Shared Context Fabric: Serves as a secure context layer that passes relevant situational data to third-party cloud or on-device AI agents only when permitted by the user.
Also Read: LTM Launches BlueVerse SovereignSphere Models to Redefining Enterprise Context and Governance
Multi-Device Workflows: Enables contextual continuity between devices, such as a wearable logging a workout record and triggering local climate adjustments inside a connected vehicle.
“Personal AI starts with understanding how you live and what you need, when you need it,” stated Ramin Hasani, CEO and co-founder of Liquid AI.
Impact on the AI & Information Technology Industry
The strategic alignment between Liquid AI and Qualcomm Technologies signals major structural developments across the broader AI & Information Technology landscape:
1. Shifting to Device-Native Agentic Frameworks
For three years, mobile AI features were limited to wrapper applications routing user prompts to cloud server farms. Liquid AI and Qualcomm’s integration formalizes the transition toward Hybrid Edge-Cloud Agentic Frameworks. Modern IT architectures are moving intelligence to the edge, where lightweight models continuously index personal context locally while reserving cloud LLMs for complex multi-modal reasoning.
2. Establishing Privacy-First On-Device Personalization
As regulatory scrutiny intensifies globally around data privacy, users are hesitant to upload personal calendars, messages, and biometrics to public cloud providers. Grounding context processing inside the Hexagon NPU establishes Zero-Trust On-Device Data Governance. Device makers can guarantee that personal situational memory remains stored on physical device silicon.

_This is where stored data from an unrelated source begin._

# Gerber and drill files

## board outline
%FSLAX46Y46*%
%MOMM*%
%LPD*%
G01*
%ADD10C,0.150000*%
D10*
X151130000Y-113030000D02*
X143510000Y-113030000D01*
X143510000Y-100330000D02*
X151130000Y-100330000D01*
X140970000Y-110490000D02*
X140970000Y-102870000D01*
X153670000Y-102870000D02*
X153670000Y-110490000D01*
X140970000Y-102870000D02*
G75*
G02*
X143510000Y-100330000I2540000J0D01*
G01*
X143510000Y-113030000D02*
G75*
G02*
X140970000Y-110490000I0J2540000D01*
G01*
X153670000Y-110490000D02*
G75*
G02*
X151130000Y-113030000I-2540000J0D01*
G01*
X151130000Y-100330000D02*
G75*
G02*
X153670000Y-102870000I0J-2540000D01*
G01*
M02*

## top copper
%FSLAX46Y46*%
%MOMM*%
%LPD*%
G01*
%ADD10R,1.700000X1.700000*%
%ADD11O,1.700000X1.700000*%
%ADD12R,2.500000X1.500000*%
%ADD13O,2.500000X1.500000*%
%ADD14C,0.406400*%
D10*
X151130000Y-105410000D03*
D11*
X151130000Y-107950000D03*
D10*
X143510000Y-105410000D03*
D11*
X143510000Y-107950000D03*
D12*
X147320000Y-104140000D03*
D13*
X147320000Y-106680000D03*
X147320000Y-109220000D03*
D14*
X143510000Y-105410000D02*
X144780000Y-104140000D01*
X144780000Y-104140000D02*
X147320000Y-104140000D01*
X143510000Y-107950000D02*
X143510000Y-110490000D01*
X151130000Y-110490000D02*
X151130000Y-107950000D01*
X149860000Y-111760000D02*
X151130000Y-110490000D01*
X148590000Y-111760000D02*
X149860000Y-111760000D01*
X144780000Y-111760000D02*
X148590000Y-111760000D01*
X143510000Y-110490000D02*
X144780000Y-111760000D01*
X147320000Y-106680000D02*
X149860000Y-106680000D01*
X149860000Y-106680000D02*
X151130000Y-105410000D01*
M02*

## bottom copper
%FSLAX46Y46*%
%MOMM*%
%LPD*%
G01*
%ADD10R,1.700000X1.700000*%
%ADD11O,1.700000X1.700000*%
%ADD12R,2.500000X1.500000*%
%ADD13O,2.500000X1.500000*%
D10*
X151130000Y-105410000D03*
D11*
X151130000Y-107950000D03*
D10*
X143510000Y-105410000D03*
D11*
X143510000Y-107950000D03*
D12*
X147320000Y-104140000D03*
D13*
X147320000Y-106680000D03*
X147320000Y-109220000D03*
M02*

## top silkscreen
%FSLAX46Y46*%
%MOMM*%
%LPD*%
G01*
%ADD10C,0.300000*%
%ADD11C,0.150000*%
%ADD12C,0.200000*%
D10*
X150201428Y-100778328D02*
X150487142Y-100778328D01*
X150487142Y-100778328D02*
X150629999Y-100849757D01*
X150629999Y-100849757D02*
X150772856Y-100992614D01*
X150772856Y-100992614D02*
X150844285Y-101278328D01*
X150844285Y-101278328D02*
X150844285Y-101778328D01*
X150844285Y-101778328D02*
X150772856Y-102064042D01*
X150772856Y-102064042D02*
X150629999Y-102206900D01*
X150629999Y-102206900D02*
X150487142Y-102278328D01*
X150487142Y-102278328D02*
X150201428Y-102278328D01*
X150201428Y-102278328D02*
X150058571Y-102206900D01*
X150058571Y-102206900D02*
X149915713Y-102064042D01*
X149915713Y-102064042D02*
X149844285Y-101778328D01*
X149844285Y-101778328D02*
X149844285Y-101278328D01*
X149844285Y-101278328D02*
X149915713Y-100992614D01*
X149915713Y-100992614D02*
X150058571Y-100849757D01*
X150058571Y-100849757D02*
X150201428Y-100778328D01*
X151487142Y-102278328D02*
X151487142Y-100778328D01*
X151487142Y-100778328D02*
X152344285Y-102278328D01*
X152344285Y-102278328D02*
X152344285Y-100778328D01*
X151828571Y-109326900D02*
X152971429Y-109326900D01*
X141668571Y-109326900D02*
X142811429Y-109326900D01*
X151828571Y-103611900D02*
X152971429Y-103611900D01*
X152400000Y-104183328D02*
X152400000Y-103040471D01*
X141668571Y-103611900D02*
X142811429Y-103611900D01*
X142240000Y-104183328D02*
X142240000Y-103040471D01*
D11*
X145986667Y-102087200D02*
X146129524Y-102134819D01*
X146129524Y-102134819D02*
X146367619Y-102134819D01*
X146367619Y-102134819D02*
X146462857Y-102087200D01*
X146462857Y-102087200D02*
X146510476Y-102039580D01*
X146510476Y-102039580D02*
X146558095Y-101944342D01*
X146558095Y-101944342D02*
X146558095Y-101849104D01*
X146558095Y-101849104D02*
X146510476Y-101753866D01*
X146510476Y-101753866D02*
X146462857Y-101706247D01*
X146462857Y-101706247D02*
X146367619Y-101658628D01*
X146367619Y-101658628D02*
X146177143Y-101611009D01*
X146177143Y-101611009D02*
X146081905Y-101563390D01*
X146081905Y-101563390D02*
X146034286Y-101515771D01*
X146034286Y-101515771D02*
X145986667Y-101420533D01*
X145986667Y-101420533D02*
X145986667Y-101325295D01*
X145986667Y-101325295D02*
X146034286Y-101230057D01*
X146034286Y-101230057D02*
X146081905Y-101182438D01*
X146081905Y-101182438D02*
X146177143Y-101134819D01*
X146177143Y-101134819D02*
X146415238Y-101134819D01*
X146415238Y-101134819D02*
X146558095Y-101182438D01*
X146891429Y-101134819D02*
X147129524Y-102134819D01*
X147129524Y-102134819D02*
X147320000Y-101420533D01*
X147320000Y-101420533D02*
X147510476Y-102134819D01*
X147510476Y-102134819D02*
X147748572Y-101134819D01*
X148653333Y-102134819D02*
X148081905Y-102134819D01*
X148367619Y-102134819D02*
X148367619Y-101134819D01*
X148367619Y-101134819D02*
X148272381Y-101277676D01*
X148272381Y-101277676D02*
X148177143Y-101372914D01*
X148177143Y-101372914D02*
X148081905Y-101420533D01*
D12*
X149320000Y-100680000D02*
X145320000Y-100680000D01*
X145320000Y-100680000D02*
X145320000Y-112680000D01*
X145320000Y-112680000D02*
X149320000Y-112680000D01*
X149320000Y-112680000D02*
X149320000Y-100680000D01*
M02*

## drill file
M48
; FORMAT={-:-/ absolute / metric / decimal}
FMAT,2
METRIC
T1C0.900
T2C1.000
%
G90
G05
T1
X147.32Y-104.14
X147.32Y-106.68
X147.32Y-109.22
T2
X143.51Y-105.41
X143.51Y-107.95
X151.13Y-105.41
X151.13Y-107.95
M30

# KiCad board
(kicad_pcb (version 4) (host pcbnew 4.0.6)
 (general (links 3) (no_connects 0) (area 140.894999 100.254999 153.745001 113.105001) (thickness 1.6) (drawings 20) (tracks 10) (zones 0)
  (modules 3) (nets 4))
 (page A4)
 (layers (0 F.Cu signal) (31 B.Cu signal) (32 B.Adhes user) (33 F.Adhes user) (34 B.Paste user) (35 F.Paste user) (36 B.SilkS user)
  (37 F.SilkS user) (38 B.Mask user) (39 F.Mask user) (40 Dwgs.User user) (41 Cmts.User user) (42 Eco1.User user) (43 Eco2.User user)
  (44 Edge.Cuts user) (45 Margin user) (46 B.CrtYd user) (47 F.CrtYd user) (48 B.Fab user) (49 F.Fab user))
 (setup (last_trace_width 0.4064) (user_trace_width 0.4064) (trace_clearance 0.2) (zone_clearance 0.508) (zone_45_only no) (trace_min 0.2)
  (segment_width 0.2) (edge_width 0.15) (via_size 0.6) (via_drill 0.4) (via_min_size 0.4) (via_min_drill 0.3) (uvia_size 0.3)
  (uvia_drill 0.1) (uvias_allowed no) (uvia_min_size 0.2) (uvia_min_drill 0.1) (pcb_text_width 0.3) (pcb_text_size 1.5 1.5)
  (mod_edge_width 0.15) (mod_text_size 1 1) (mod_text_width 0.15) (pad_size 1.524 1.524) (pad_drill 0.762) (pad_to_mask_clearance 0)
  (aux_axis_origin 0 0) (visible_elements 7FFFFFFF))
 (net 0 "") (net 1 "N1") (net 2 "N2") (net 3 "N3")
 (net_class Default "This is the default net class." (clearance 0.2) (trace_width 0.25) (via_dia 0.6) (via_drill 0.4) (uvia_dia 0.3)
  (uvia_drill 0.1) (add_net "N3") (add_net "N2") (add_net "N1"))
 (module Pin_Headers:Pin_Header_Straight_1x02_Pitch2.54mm (layer F.Cu) (at 151.13 105.41)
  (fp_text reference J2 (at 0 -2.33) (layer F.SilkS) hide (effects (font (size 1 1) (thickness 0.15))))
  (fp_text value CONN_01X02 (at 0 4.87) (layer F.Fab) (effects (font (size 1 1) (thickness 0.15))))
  (pad 1 thru_hole rect (at 0 0) (size 1.7 1.7) (drill 1) (layers *.Cu *.Mask) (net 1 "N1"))
  (pad 2 thru_hole oval (at 0 2.54) (size 1.7 1.7) (drill 1) (layers *.Cu *.Mask) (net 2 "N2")))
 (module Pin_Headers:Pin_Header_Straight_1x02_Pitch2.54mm (layer F.Cu) (at 143.51 105.41)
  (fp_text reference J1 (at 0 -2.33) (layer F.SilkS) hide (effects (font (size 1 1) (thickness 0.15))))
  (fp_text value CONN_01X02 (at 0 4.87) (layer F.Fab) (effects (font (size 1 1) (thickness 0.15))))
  (pad 1 thru_hole rect (at 0 0) (size 1.7 1.7) (drill 1) (layers *.Cu *.Mask) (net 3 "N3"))
  (pad 2 thru_hole oval (at 0 2.54) (size 1.7 1.7) (drill 1) (layers *.Cu *.Mask) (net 2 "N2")))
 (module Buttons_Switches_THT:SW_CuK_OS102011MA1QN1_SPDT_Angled (layer F.Cu) (at 147.32 106.68 270)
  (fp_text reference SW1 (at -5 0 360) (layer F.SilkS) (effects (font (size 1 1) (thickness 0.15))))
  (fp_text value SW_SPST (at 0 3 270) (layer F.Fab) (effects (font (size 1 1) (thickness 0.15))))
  (fp_line (start -6 -2) (end -6 2) (layer F.SilkS) (width 0.2)) (fp_line (start -6 2) (end 6 2) (layer F.SilkS) (width 0.2))
  (fp_line (start 6 2) (end 6 -2) (layer F.SilkS) (width 0.2))
  (fp_line (start 6 -2) (end -6 -2) (layer F.SilkS) (width 0.2))
  (pad 1 thru_hole rect (at -2.54 0 270) (size 1.5 2.5) (drill 0.9) (layers *.Cu *.Mask) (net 3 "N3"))
  (pad 2 thru_hole oval (at 0 0 270) (size 1.5 2.5) (drill 0.9) (layers *.Cu *.Mask) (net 1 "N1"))
  (pad 3 thru_hole oval (at 2.54 0 270) (size 1.5 2.5) (drill 0.9) (layers *.Cu *.Mask)))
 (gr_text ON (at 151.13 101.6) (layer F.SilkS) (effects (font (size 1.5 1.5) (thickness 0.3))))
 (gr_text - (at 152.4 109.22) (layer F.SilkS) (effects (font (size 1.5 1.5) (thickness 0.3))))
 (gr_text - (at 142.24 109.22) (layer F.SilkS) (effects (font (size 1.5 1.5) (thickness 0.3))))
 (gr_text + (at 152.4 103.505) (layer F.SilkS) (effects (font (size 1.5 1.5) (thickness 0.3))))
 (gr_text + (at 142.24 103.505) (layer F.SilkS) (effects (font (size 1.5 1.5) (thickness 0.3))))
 (gr_line (start 151.13 113.03) (end 143.51 113.03) (angle 90) (layer Edge.Cuts) (width 0.15))
 (gr_line (start 143.51 100.33) (end 151.13 100.33) (angle 90) (layer Edge.Cuts) (width 0.15))
 (gr_line (start 140.97 110.49) (end 140.97 102.87) (angle 90) (layer Edge.Cuts) (width 0.15))
 (gr_line (start 153.67 102.87) (end 153.67 110.49) (angle 90) (layer Edge.Cuts) (width 0.15))
 (gr_arc (start 143.51 102.87) (end 140.97 102.87) (angle 90) (layer Edge.Cuts) (width 0.15))
 (gr_arc (start 143.51 110.49) (end 143.51 113.03) (angle 90) (layer Edge.Cuts) (width 0.15))
 (gr_arc (start 151.13 110.49) (end 153.67 110.49) (angle 90) (layer Edge.Cuts) (width 0.15))
 (gr_arc (start 151.13 102.87) (end 151.13 100.33) (angle 90) (layer Edge.Cuts) (width 0.15))
 (segment (start 143.51 105.41) (end 144.78 104.14) (width 0.4064) (layer F.Cu) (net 3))
 (segment (start 144.78 104.14) (end 147.32 104.14) (width 0.4064) (layer F.Cu) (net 3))
 (segment (start 143.51 107.95) (end 143.51 110.49) (width 0.4064) (layer F.Cu) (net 2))
 (segment (start 151.13 110.49) (end 151.13 107.95) (width 0.4064) (layer F.Cu) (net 2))
 (segment (start 149.86 111.76) (end 151.13 110.49) (width 0.4064) (layer F.Cu) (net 2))
 (segment (start 148.59 111.76) (end 149.86 111.76) (width 0.4064) (layer F.Cu) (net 2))
 (segment (start 144.78 111.76) (end 148.59 111.76) (width 0.4064) (layer F.Cu) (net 2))
 (segment (start 143.51 110.49) (end 144.78 111.76) (width 0.4064) (layer F.Cu) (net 2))
 (segment (start 147.32 106.68) (end 149.86 106.68) (width 0.4064) (layer F.Cu) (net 1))
 (segment (start 149.86 106.68) (end 151.13 105.41) (width 0.4064) (layer F.Cu) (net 1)))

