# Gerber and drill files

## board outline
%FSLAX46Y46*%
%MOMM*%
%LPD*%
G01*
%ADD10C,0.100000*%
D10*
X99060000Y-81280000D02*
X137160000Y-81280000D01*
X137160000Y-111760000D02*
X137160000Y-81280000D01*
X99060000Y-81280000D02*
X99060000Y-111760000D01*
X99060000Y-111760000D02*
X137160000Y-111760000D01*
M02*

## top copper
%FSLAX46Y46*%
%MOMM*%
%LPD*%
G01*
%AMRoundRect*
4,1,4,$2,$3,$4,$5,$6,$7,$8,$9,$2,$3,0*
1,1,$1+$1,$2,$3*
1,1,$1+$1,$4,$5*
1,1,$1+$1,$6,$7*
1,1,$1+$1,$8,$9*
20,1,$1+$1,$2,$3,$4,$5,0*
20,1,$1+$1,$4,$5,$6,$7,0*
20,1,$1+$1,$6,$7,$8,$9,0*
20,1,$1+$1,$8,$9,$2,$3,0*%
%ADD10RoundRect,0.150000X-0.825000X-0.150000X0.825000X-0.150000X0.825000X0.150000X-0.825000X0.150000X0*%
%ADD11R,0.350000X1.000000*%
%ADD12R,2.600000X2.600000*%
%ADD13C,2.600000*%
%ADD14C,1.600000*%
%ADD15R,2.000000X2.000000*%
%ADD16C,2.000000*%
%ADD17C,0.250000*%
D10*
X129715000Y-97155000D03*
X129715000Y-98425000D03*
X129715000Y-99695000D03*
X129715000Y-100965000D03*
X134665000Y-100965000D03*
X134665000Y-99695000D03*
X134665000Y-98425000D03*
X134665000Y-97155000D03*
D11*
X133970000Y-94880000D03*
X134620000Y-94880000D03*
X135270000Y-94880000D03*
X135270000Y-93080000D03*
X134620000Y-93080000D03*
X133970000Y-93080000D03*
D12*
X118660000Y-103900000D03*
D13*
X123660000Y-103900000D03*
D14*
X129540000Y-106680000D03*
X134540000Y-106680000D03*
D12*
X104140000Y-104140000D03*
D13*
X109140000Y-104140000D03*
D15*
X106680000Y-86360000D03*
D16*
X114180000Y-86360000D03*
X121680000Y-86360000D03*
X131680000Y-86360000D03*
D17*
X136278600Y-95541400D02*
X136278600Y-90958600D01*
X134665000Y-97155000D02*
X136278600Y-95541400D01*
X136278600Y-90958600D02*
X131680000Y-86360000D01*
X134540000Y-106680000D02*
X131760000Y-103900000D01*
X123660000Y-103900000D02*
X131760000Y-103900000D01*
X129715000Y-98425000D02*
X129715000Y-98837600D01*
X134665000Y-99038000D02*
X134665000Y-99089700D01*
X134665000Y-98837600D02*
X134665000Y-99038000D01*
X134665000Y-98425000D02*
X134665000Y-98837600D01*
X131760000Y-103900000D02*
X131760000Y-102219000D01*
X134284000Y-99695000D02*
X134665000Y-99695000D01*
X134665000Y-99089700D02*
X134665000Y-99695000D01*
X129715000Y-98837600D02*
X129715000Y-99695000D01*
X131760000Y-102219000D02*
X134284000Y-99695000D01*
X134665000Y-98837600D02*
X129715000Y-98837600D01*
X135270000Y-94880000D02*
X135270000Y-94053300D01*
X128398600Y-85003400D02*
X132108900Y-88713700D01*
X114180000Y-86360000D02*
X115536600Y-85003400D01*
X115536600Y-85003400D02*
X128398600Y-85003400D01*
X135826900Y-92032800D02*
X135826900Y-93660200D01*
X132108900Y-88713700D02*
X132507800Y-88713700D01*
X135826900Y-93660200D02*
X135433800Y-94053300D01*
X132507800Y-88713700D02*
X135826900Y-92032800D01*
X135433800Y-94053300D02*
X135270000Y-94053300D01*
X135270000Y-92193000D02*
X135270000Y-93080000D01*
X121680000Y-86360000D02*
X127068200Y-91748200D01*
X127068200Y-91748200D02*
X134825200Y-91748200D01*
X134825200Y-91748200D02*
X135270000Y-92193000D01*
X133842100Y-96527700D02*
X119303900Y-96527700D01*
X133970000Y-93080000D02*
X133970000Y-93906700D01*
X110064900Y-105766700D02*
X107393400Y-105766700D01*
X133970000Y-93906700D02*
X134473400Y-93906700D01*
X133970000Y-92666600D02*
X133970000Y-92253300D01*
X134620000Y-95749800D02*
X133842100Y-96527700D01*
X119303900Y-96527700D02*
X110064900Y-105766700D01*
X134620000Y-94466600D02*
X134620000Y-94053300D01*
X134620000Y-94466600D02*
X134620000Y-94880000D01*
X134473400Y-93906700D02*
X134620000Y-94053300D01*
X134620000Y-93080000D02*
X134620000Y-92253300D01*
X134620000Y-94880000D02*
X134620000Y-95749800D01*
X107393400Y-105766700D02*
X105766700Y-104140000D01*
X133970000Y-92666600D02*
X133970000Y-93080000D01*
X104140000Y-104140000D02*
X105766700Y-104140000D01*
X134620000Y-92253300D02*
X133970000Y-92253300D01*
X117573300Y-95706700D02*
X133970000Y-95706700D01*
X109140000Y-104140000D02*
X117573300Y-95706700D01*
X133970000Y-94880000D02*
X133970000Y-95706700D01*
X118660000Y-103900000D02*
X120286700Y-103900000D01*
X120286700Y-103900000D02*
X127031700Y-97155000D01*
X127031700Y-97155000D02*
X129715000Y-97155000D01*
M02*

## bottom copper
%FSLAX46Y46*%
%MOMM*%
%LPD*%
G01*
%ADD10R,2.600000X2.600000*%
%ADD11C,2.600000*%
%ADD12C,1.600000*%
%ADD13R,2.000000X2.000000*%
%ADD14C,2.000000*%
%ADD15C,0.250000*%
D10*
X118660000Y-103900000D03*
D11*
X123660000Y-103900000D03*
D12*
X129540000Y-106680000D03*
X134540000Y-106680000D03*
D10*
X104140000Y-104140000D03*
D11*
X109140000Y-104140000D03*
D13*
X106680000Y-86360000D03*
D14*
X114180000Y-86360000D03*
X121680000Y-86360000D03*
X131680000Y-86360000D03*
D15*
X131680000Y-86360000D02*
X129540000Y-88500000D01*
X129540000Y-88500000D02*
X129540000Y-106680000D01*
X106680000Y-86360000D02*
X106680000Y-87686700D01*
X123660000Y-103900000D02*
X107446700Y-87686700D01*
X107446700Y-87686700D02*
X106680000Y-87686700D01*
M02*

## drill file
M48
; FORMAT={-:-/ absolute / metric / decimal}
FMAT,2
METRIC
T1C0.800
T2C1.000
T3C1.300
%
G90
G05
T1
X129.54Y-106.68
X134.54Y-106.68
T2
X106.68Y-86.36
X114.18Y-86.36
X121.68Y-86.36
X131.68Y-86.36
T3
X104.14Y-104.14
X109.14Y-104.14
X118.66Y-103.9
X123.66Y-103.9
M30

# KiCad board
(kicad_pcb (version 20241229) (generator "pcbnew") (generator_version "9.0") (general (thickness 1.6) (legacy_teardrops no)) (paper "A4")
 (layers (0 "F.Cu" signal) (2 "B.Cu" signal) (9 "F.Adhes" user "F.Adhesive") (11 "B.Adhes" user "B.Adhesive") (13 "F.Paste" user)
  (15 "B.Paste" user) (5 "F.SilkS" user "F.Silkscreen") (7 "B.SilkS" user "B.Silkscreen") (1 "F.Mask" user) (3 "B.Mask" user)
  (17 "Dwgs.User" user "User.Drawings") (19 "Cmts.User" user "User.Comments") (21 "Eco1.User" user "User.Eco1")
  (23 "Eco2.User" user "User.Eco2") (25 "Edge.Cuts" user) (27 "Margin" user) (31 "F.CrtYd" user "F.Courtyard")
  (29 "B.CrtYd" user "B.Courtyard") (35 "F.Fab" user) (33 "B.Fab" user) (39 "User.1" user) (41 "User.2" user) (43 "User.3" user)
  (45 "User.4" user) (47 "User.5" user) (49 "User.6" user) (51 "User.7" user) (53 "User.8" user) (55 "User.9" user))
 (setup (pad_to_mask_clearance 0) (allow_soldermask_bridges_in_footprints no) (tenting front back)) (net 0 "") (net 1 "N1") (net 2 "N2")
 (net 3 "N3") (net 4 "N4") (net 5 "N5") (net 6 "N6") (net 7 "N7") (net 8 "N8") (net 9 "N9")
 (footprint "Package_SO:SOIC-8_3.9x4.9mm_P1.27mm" (layer "F.Cu") (at 132.19 99.06)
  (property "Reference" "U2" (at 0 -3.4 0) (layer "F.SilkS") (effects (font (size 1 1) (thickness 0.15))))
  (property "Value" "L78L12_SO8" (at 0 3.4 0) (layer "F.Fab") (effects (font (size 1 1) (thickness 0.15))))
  (pad "1" smd roundrect (at -2.475 -1.905) (size 1.95 0.6) (layers "F.Cu" "F.Mask" "F.Paste") (roundrect_rratio 0.25) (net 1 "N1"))
  (pad "2" smd roundrect (at -2.475 -0.635) (size 1.95 0.6) (layers "F.Cu" "F.Mask" "F.Paste") (roundrect_rratio 0.25) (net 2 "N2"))
  (pad "3" smd roundrect (at -2.475 0.635) (size 1.95 0.6) (layers "F.Cu" "F.Mask" "F.Paste") (roundrect_rratio 0.25) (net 2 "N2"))
  (pad "4" smd roundrect (at -2.475 1.905) (size 1.95 0.6) (layers "F.Cu" "F.Mask" "F.Paste") (roundrect_rratio 0.25) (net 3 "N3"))
  (pad "5" smd roundrect (at 2.475 1.905) (size 1.95 0.6) (layers "F.Cu" "F.Mask" "F.Paste") (roundrect_rratio 0.25) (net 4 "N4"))
  (pad "6" smd roundrect (at 2.475 0.635) (size 1.95 0.6) (layers "F.Cu" "F.Mask" "F.Paste") (roundrect_rratio 0.25) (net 2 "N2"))
  (pad "7" smd roundrect (at 2.475 -0.635) (size 1.95 0.6) (layers "F.Cu" "F.Mask" "F.Paste") (roundrect_rratio 0.25) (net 2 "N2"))
  (pad "8" smd roundrect (at 2.475 -1.905) (size 1.95 0.6) (layers "F.Cu" "F.Mask" "F.Paste") (roundrect_rratio 0.25) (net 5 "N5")))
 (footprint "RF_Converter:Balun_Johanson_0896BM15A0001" (layer "F.Cu") (at 134.62 93.98 90)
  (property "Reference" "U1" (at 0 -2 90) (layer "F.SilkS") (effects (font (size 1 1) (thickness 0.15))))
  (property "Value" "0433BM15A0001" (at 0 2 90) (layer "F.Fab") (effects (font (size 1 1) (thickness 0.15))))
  (pad "1" smd rect (at -0.9 -0.65 90) (size 1 0.35) (layers "F.Cu" "F.Mask" "F.Paste") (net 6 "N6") (clearance 0.2))
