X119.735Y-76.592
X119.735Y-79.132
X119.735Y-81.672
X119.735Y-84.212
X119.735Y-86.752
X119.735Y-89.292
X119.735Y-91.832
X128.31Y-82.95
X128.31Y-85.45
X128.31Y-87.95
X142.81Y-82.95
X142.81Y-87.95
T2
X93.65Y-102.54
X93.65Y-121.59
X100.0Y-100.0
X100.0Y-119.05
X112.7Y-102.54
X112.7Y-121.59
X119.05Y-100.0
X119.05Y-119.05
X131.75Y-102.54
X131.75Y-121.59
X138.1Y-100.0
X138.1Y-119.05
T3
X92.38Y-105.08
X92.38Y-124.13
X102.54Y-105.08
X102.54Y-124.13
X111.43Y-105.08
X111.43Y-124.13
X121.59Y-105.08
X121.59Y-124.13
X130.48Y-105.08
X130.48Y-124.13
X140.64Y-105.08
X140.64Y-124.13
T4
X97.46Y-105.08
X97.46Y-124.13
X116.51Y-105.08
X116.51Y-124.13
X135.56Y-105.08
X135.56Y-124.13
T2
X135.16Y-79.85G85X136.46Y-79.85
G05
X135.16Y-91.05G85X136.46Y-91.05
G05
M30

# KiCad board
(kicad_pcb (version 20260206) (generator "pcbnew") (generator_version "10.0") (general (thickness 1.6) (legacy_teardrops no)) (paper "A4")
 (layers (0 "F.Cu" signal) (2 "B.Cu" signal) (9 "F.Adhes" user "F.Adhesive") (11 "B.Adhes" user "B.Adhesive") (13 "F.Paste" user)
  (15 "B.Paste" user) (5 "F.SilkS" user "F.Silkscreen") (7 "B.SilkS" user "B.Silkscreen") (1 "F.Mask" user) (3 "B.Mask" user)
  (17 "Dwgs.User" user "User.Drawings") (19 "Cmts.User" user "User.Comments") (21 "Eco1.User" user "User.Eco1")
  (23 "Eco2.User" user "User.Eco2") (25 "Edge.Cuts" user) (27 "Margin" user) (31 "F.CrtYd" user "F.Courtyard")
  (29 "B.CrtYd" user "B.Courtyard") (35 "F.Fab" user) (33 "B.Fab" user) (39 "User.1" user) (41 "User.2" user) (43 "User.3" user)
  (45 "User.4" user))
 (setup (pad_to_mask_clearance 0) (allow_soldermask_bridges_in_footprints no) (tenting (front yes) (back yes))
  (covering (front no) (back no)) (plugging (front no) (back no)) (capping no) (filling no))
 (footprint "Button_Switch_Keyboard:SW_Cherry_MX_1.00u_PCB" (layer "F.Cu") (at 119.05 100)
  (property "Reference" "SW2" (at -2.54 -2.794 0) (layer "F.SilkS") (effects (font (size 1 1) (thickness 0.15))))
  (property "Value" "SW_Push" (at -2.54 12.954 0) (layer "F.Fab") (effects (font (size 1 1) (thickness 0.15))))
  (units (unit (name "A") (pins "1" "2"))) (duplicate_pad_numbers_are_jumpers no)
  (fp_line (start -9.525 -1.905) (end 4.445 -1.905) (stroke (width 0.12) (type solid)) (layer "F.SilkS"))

Overall Effects on Businesses Operating in the Sector
For smartphone OEMs, automotive manufacturers, enterprise software developers, and cloud service providers, the Liquid AI-Qualcomm partnership offers direct strategic advantages:
Accelerating Time-to-Market for OEM Agentic Features: Device manufacturers gain a turnkey software stack to build custom, proactive virtual assistants without engineering bespoke context infrastructure.
Slashing Cloud API and Bandwidth Overhead: Processing routine situational updates locally on the Hexagon NPU reduces cloud server requests, dramatically lowering enterprise API bills and infrastructure TCO.
Unlocking New Cross-Device Consumer Use Cases: Auto manufacturers and smart device makers can deliver unified user experiences across vehicles, wearables, and smartphones.
Conclusion
Liquid AI and Qualcomm Technologies’ partnership to bring Liquid Context to Snapdragon platforms represents a defining milestone in the evolution of edge AI and agentic computing. By pairing Liquid AI’s foundation model architectures with Qualcomm’s NPU silicon scale, these two industry leaders are providing a practical blueprint for private, proactive artificial intelligence. For the global AI and IT industry, this news confirms that the future of personal intelligence relies on building fast, secure, and energy-efficient on-device foundations.